Okay, I've been reflecting on this question all day - because I'm just exactly that kind of dork. There are absolute hordes of people here I'd want to cram into this trip (and y'all know who you are, most likely), but I think it'd be pretty fun and rewarding to take 3 of our cutie-patootie self-admitted young shy-with-the-girls guys here on a roadtrip: Blackjack, Thrifty McGriff, and Mini. 

All three are so smart, funny, and sweet (okay, Mini's sweet streak is perhaps buried a bit deeper than the other two's, but I'm certain it's there ), and all three need to learn that they are fantastic guys with a lot to offer women.
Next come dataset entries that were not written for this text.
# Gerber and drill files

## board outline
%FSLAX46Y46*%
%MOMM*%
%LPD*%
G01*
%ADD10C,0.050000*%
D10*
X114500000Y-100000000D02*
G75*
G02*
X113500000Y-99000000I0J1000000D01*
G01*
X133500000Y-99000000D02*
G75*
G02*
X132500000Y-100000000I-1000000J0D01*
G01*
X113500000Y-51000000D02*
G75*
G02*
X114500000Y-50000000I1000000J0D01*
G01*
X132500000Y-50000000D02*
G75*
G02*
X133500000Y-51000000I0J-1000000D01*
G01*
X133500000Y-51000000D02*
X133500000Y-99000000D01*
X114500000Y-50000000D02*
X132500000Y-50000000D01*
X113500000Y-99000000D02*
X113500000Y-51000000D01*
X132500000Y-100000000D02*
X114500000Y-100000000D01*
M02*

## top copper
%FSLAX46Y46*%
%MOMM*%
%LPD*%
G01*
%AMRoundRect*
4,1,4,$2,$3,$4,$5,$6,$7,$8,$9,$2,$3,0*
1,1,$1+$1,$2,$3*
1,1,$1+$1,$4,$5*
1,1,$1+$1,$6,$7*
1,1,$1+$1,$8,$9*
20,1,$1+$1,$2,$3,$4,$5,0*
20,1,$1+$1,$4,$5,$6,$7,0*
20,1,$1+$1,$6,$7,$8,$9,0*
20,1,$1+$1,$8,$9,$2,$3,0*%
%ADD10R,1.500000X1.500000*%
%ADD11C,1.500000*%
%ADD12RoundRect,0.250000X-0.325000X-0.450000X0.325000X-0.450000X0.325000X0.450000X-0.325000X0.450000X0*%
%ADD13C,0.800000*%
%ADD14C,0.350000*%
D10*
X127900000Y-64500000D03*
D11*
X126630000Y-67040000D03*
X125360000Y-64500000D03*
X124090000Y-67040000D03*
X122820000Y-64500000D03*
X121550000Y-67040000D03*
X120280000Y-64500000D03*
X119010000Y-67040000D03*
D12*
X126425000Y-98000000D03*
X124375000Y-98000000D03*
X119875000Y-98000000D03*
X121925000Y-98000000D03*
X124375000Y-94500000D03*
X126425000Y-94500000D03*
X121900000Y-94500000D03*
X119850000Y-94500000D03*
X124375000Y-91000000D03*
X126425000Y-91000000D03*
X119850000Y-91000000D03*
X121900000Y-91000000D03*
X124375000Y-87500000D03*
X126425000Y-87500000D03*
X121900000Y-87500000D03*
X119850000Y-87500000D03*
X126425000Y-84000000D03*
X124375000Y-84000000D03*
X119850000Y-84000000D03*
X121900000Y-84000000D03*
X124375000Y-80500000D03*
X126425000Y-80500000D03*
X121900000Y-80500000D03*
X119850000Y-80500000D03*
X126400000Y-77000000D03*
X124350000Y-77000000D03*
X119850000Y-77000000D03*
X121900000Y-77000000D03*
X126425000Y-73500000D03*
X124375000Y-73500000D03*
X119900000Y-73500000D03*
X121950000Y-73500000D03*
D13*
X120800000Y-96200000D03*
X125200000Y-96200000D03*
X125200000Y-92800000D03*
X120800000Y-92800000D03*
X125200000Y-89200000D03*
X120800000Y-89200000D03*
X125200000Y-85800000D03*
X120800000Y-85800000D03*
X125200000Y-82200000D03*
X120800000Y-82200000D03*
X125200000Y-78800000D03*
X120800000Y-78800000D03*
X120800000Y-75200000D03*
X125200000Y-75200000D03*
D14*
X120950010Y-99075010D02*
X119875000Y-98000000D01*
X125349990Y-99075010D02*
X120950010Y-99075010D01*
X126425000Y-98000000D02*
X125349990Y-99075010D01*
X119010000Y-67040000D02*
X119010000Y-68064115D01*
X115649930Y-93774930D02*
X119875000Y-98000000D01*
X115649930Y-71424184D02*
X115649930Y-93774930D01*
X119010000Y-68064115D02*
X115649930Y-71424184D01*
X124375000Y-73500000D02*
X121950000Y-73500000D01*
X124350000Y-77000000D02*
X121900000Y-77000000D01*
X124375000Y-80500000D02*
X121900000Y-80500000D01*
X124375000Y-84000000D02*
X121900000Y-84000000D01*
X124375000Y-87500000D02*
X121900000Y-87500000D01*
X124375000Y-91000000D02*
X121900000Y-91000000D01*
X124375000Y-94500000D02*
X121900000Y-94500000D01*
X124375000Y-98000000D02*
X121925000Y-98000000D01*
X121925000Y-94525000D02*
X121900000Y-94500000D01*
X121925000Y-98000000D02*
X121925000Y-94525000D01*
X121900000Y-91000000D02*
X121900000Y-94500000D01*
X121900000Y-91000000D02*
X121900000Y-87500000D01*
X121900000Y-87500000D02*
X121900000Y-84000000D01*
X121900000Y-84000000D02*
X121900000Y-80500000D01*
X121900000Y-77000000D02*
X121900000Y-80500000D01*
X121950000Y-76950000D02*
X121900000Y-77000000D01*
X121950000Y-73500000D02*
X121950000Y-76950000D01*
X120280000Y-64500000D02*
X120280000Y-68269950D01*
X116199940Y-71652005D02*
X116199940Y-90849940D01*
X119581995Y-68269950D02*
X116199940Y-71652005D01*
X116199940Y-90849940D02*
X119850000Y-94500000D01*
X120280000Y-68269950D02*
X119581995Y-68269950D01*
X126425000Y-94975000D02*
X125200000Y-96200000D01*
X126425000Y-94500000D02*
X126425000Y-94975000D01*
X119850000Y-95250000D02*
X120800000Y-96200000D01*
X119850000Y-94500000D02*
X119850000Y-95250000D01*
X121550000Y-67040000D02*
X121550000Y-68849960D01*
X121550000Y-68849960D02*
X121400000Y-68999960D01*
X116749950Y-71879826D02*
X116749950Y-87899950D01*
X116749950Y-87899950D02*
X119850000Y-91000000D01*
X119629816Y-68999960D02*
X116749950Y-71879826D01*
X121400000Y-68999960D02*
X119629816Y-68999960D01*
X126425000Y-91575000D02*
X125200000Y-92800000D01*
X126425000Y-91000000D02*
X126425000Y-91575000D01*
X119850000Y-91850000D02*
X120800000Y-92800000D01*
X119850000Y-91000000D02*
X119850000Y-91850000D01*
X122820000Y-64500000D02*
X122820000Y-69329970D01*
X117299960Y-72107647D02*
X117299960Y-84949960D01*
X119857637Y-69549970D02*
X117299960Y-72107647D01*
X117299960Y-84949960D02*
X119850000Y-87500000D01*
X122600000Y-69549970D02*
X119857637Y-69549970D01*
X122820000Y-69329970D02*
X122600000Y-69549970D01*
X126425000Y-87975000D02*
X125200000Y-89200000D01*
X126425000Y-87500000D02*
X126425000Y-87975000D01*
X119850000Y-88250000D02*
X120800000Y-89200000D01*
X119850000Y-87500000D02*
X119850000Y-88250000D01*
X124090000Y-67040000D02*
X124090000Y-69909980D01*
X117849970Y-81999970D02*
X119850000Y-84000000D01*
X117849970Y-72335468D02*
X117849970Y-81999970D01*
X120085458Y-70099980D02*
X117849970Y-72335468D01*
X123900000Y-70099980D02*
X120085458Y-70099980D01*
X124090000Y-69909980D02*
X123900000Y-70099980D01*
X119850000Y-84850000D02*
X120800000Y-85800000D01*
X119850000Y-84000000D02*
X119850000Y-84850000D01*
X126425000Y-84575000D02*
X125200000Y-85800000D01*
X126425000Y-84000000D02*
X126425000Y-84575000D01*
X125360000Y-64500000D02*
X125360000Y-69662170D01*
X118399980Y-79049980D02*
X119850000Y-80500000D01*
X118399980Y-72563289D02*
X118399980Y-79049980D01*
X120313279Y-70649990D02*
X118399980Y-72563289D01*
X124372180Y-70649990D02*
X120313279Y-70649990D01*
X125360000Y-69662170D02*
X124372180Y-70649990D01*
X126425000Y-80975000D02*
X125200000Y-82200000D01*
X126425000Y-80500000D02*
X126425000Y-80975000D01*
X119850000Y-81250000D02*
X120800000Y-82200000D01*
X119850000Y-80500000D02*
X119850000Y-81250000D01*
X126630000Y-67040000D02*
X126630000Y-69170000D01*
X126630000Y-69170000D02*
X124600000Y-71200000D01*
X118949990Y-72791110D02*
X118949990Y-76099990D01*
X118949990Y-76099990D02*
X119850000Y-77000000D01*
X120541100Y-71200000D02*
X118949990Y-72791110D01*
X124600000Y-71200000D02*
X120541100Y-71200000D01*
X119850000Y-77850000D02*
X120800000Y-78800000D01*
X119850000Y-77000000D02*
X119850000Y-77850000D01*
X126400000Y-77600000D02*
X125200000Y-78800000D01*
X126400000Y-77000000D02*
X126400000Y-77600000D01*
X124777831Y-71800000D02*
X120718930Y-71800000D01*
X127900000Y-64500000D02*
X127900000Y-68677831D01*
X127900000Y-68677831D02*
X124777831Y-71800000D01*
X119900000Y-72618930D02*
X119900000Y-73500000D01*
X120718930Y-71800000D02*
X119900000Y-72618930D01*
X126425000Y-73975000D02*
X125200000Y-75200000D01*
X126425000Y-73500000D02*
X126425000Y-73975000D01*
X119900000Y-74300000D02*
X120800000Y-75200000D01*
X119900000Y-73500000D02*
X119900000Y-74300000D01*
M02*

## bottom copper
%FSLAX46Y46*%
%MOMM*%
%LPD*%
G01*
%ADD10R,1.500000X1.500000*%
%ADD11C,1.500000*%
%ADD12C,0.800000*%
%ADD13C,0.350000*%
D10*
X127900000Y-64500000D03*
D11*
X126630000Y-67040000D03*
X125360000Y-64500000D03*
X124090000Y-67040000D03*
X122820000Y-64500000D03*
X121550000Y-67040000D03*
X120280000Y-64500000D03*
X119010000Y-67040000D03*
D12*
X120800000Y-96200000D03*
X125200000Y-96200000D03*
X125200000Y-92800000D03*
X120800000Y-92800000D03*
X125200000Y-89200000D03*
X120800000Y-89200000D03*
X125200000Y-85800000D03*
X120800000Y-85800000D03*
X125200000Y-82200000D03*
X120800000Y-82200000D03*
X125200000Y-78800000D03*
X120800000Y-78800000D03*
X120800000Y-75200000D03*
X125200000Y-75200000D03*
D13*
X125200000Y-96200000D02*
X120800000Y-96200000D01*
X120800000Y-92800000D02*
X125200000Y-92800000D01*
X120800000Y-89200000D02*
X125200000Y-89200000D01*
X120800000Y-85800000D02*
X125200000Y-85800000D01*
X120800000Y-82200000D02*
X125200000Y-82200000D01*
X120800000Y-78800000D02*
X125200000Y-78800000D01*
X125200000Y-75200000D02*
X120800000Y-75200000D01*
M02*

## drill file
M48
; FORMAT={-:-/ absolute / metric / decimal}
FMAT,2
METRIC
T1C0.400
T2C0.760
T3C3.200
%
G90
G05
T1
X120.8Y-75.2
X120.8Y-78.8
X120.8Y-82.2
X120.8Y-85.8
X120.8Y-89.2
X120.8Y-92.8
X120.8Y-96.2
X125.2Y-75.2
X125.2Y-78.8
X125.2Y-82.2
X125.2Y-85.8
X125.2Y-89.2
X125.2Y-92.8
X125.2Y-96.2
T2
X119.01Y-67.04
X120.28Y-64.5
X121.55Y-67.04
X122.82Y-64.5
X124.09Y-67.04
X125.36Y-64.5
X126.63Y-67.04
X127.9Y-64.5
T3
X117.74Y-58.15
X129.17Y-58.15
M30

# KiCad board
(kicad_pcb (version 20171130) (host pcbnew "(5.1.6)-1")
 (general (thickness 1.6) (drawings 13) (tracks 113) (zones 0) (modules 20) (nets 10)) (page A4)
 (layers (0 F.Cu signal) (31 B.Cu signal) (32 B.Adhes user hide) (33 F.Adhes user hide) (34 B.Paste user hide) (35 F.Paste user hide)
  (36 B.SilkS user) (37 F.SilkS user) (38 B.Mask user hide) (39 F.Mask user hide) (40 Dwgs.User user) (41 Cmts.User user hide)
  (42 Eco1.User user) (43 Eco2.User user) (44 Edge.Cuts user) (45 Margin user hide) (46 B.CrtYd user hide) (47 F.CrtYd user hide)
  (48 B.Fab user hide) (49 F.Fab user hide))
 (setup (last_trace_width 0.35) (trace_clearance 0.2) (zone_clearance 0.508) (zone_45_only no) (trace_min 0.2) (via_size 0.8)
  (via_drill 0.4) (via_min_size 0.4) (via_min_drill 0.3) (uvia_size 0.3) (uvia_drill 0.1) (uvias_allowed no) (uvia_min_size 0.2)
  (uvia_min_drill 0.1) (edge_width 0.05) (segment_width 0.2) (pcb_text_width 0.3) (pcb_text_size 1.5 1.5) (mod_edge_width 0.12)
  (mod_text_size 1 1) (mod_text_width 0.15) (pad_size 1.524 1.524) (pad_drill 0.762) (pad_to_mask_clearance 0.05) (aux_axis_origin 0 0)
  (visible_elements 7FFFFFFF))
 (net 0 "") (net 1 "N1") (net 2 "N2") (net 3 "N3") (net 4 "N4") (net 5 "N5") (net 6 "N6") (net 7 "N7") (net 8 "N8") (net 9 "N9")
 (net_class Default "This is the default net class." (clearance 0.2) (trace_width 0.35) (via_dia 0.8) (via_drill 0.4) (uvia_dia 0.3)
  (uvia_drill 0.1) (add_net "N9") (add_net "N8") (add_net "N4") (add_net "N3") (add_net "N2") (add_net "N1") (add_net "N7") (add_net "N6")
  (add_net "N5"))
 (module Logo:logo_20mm (layer B.Cu) (at 123.6 79.8 180)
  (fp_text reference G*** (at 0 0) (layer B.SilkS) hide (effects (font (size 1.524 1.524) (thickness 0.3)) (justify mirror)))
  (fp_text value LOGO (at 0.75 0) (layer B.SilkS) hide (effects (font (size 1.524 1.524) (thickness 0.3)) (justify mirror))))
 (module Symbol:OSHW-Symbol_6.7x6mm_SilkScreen (layer B.Cu) (at 118.1 95.9 180)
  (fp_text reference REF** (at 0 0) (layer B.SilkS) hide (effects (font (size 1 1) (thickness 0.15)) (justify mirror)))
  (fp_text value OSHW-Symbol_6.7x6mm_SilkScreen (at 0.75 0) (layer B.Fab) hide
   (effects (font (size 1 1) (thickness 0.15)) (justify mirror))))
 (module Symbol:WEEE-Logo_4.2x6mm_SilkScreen (layer B.Cu) (at 130.6 95.8 180)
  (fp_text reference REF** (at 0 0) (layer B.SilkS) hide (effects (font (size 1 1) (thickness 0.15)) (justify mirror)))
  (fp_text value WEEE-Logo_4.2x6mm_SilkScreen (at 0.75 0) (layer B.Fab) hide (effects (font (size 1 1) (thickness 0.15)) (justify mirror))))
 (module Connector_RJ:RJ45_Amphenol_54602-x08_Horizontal (layer F.Cu) (at 127.9 64.5 180)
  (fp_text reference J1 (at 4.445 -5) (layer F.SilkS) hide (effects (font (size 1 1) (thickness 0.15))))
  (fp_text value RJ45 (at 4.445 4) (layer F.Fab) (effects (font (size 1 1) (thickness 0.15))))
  (pad "" np_thru_hole circle (at 10.16 6.35 180) (size 3.2 3.2) (drill 3.2) (layers *.Cu *.Mask))
  (pad "" np_thru_hole circle (at -1.27 6.35 180) (size 3.2 3.2) (drill 3.2) (layers *.Cu *.Mask))
  (pad 1 thru_hole rect (at 0 0 180) (size 1.5 1.5) (drill 0.76) (layers *.Cu *.Mask) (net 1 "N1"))
  (pad 2 thru_hole circle (at 1.27 -2.54 180) (size 1.5 1.5) (drill 0.76) (layers *.Cu *.Mask) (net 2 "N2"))
  (pad 3 thru_hole circle (at 2.54 0 180) (size 1.5 1.5) (drill 0.76) (layers *.Cu *.Mask) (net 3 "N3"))
  (pad 4 thru_hole circle (at 3.81 -2.54 180) (size 1.5 1.5) (drill 0.76) (layers *.Cu *.Mask) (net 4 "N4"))
  (pad 5 thru_hole circle (at 5.08 0 180) (size 1.5 1.5) (drill 0.76) (layers *.Cu *.Mask) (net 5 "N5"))
  (pad 6 thru_hole circle (at 6.35 -2.54 180) (size 1.5 1.5) (drill 0.76) (layers *.Cu *.Mask) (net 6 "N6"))
  (pad 7 thru_hole circle (at 7.62 0 180) (size 1.5 1.5) (drill 0.76) (layers *.Cu *.Mask) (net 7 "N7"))
  (pad 8 thru_hole circle (at 8.89 -2.54 180) (size 1.5 1.5) (drill 0.76) (layers *.Cu *.Mask) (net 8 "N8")))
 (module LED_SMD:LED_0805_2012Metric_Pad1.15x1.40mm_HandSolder (layer F.Cu) (at 125.4 98)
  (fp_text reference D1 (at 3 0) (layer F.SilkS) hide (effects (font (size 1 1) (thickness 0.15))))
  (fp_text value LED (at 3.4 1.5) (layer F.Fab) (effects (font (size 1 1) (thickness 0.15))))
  (pad 2 smd roundrect (at 1.025 0) (size 1.15 1.4) (layers F.Cu F.Paste F.Mask) (roundrect_rratio 0.217391) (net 8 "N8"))
  (pad 1 smd roundrect (at -1.025 0) (size 1.15 1.4) (layers F.Cu F.Paste F.Mask) (roundrect_rratio 0.217391) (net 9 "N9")))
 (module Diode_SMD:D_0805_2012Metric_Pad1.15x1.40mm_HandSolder (layer F.Cu) (at 120.9 98)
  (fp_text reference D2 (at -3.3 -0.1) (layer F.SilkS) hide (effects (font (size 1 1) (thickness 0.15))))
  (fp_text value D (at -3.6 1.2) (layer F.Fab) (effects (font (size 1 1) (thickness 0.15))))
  (pad 1 smd roundrect (at -1.025 0) (size 1.15 1.4) (layers F.Cu F.Paste F.Mask) (roundrect_rratio 0.217391) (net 8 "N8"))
What would we do, you ask? Hmm....attend a fat girl burlesque show or two, I'd give them a crash course in Flirting 101 (and yeah, I'd be a trouper and let them hone their skills on me), an adorable self-awareness intervention, things like that. 
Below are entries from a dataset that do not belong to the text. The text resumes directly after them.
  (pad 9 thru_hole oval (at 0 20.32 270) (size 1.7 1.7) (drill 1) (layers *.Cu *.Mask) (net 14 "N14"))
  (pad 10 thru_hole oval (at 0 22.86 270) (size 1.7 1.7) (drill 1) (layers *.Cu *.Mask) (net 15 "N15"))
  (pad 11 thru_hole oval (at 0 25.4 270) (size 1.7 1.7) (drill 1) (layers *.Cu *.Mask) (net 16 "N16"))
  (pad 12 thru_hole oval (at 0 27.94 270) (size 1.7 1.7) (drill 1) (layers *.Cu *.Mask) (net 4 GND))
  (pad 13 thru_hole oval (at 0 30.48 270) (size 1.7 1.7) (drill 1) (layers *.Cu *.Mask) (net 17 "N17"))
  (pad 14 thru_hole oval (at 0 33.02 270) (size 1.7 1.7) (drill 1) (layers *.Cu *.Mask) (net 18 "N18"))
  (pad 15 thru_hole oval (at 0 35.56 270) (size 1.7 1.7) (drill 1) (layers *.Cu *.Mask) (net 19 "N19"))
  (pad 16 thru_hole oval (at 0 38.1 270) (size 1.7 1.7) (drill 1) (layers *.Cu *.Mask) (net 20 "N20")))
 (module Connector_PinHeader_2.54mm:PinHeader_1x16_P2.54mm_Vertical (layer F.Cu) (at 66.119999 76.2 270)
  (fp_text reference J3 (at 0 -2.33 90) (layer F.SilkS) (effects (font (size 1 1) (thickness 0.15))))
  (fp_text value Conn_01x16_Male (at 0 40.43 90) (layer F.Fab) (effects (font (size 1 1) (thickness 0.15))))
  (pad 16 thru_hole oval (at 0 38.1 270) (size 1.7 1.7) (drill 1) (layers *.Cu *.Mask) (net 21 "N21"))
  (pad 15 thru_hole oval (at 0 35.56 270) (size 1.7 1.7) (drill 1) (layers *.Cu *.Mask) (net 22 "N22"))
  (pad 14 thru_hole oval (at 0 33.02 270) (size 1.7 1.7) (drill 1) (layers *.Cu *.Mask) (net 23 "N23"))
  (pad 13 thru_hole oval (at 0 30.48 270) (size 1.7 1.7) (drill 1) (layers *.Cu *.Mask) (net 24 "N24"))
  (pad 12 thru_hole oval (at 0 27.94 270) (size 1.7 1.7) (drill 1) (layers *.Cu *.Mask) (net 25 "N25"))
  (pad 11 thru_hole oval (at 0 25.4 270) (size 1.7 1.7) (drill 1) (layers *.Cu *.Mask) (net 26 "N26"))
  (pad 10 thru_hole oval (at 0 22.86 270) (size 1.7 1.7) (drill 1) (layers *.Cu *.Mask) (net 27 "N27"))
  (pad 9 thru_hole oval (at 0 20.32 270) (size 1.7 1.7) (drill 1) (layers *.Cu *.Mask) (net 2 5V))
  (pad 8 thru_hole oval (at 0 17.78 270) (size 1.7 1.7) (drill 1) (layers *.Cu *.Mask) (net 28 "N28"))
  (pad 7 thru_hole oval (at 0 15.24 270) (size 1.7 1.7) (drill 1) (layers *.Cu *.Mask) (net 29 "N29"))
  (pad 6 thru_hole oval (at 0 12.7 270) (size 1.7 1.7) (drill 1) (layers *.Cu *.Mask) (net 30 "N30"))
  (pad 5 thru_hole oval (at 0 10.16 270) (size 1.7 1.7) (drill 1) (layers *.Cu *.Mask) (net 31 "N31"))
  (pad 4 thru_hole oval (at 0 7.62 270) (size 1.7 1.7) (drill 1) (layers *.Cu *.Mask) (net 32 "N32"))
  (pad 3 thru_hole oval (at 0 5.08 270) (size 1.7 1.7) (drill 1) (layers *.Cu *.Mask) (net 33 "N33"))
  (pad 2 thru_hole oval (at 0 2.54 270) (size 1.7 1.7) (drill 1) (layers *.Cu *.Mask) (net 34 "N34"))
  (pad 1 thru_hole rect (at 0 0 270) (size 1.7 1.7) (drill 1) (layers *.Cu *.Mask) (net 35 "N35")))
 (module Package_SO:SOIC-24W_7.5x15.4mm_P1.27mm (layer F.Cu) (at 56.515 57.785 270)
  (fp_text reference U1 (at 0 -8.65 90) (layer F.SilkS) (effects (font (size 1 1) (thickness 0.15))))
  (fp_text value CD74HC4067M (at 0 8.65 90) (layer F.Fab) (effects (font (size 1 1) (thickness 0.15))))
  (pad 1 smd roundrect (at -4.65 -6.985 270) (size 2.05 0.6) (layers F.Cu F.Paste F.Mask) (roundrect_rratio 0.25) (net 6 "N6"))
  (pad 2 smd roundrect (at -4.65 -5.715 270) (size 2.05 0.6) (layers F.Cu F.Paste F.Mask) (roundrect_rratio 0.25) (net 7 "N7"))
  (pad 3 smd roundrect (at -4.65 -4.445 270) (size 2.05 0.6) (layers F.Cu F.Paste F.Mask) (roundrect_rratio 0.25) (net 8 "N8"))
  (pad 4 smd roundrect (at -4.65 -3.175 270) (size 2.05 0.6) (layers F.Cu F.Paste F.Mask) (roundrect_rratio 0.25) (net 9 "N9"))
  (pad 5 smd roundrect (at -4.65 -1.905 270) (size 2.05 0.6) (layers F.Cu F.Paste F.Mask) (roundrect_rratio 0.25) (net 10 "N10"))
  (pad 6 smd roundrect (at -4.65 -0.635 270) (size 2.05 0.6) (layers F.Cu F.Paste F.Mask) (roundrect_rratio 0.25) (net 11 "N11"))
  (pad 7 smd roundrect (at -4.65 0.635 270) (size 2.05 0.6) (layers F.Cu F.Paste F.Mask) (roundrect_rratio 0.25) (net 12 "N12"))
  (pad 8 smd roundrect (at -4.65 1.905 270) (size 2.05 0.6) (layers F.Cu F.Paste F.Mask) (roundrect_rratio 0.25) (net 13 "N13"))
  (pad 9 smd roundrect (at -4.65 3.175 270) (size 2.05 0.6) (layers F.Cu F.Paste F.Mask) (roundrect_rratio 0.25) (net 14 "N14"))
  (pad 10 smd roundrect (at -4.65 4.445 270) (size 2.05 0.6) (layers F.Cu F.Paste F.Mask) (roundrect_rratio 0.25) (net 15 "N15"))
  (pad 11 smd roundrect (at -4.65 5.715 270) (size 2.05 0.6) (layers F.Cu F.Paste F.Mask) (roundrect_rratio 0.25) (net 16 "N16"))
Oh. And we'd look for a time machine so Blackjack and I could be the same age, but that goes without saying.


----------



## Carrie (Mar 29, 2006)

P.S. Thank you to everyone who chose me!! I feel like the belle of the ball, and I'm a kickass road trip companion. I've driven cross-country TWICE, y'know.


----------



## TheSadeianLinguist (Mar 29, 2006)

It's official, Carrie. Your new nick is The Dirty Thirty-Something! You and your boys...


----------



## TheSadeianLinguist (Mar 29, 2006)

Now, if I got a second trip, BTW, I'd defo want Sandie Z, Redhead, and Vickie!


----------



## Sandie S-R (Mar 29, 2006)

LarryTheShiveringChipmunk said:


> who would it be?



Oh wow....the choices.....the choices....

Well...

hmmmmm, do I wanna be in a car fulla cute guys...or a car fulla fun chickies?
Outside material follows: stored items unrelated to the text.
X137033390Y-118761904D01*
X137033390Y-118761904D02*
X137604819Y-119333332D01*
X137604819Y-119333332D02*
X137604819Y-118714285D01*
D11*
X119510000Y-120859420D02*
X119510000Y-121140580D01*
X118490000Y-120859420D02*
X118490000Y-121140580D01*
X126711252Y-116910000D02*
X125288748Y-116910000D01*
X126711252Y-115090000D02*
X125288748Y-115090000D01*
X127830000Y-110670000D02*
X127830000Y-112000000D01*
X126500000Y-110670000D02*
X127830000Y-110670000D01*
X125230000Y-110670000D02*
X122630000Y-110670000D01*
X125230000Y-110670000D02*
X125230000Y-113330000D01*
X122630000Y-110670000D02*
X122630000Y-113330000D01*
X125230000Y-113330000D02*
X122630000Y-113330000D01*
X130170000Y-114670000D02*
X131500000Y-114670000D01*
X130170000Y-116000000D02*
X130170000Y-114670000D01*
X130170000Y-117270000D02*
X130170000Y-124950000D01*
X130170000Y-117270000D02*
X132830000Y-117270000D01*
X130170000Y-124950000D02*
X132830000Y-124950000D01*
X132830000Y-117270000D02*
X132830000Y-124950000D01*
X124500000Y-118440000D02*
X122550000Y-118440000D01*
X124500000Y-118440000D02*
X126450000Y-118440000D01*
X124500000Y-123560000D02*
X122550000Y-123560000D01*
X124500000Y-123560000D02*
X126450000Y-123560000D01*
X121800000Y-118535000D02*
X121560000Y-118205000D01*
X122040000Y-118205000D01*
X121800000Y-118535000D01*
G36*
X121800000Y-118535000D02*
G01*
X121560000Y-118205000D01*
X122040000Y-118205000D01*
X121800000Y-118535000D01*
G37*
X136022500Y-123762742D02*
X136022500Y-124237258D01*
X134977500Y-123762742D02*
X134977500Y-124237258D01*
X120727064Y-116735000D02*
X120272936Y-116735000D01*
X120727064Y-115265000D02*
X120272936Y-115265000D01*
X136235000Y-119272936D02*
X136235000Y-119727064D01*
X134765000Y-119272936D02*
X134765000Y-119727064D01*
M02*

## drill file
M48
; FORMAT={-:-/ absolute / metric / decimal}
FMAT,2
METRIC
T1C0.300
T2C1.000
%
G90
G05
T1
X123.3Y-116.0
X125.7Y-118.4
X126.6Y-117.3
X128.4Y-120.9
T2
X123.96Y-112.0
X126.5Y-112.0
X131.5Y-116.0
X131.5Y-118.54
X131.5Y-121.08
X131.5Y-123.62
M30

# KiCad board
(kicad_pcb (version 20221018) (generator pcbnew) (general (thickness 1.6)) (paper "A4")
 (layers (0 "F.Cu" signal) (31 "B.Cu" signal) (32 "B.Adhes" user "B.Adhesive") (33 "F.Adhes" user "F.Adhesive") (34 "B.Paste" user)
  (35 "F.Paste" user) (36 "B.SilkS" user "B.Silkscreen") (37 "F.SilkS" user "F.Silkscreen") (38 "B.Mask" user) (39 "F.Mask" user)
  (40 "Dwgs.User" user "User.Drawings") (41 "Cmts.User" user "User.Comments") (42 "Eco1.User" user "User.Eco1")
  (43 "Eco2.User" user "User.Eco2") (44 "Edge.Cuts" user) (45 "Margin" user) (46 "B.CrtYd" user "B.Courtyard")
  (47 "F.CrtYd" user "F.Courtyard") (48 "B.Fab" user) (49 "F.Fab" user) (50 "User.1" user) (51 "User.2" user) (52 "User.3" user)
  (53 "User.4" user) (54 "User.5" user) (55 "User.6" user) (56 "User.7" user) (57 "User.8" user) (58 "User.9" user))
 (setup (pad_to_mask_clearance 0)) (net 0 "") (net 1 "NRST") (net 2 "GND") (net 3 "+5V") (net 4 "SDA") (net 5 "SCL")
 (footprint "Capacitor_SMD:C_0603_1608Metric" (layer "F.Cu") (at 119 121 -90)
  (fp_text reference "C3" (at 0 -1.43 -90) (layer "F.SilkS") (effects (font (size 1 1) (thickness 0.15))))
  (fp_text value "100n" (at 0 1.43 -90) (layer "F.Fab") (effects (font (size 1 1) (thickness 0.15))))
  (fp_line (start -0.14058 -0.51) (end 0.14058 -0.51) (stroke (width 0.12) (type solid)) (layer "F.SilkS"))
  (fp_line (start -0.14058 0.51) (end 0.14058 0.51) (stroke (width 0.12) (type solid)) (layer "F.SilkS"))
OK, the chickies win out...

Tina, BoBabe & FL. (FL you can come in drag.)

Oh, and we need to be in a big old cadillac convertable - top down.


----------



## BigCutieCindy (Mar 29, 2006)

mark1 said:


> 1. Cindy G, 2. Latina Heat 3. Rowan



Someone picked me, cool...thanks Mark1. Hope you got a fat-friendly car!


----------



## saturdayasusual (Mar 29, 2006)

Well I haven't really spoken to many people on here. I'd have to say UberAris because he's the person I know best from here and would make the trip TONS of fun, Thrifty because he seems really awesome (yep. you're coming with us!), and hmm... Boteroesque Babe, because she mentioned Jimi Hendrix and Johnny Cash. Great road trip music.  

So, when are we leaving?


----------



## Tina (Mar 29, 2006)

_Hop in my Chrysler,
it's as big as a whale
and it's about to set sail!_ -- The B52's

The Fat Girl (and honorary fat girl) Road Trip! Sounds like fabulous fun, Sandie. Thank you for the invite!


----------



## Santaclear (Mar 29, 2006)

saturdayasusual said:


> hmm... Boteroesque Babe, because she mentioned Jimi Hendrix and Johnny Cash. Great road trip music.



Both of those guys are dead, saturday. A road trip with them would probably suck.


----------



## Tina (Mar 29, 2006)

But one with you would be hilarious.


----------



## ripley (Mar 29, 2006)

Okay, no one said me. I am getting in my Mad Max car and running you all off the road. Bastards.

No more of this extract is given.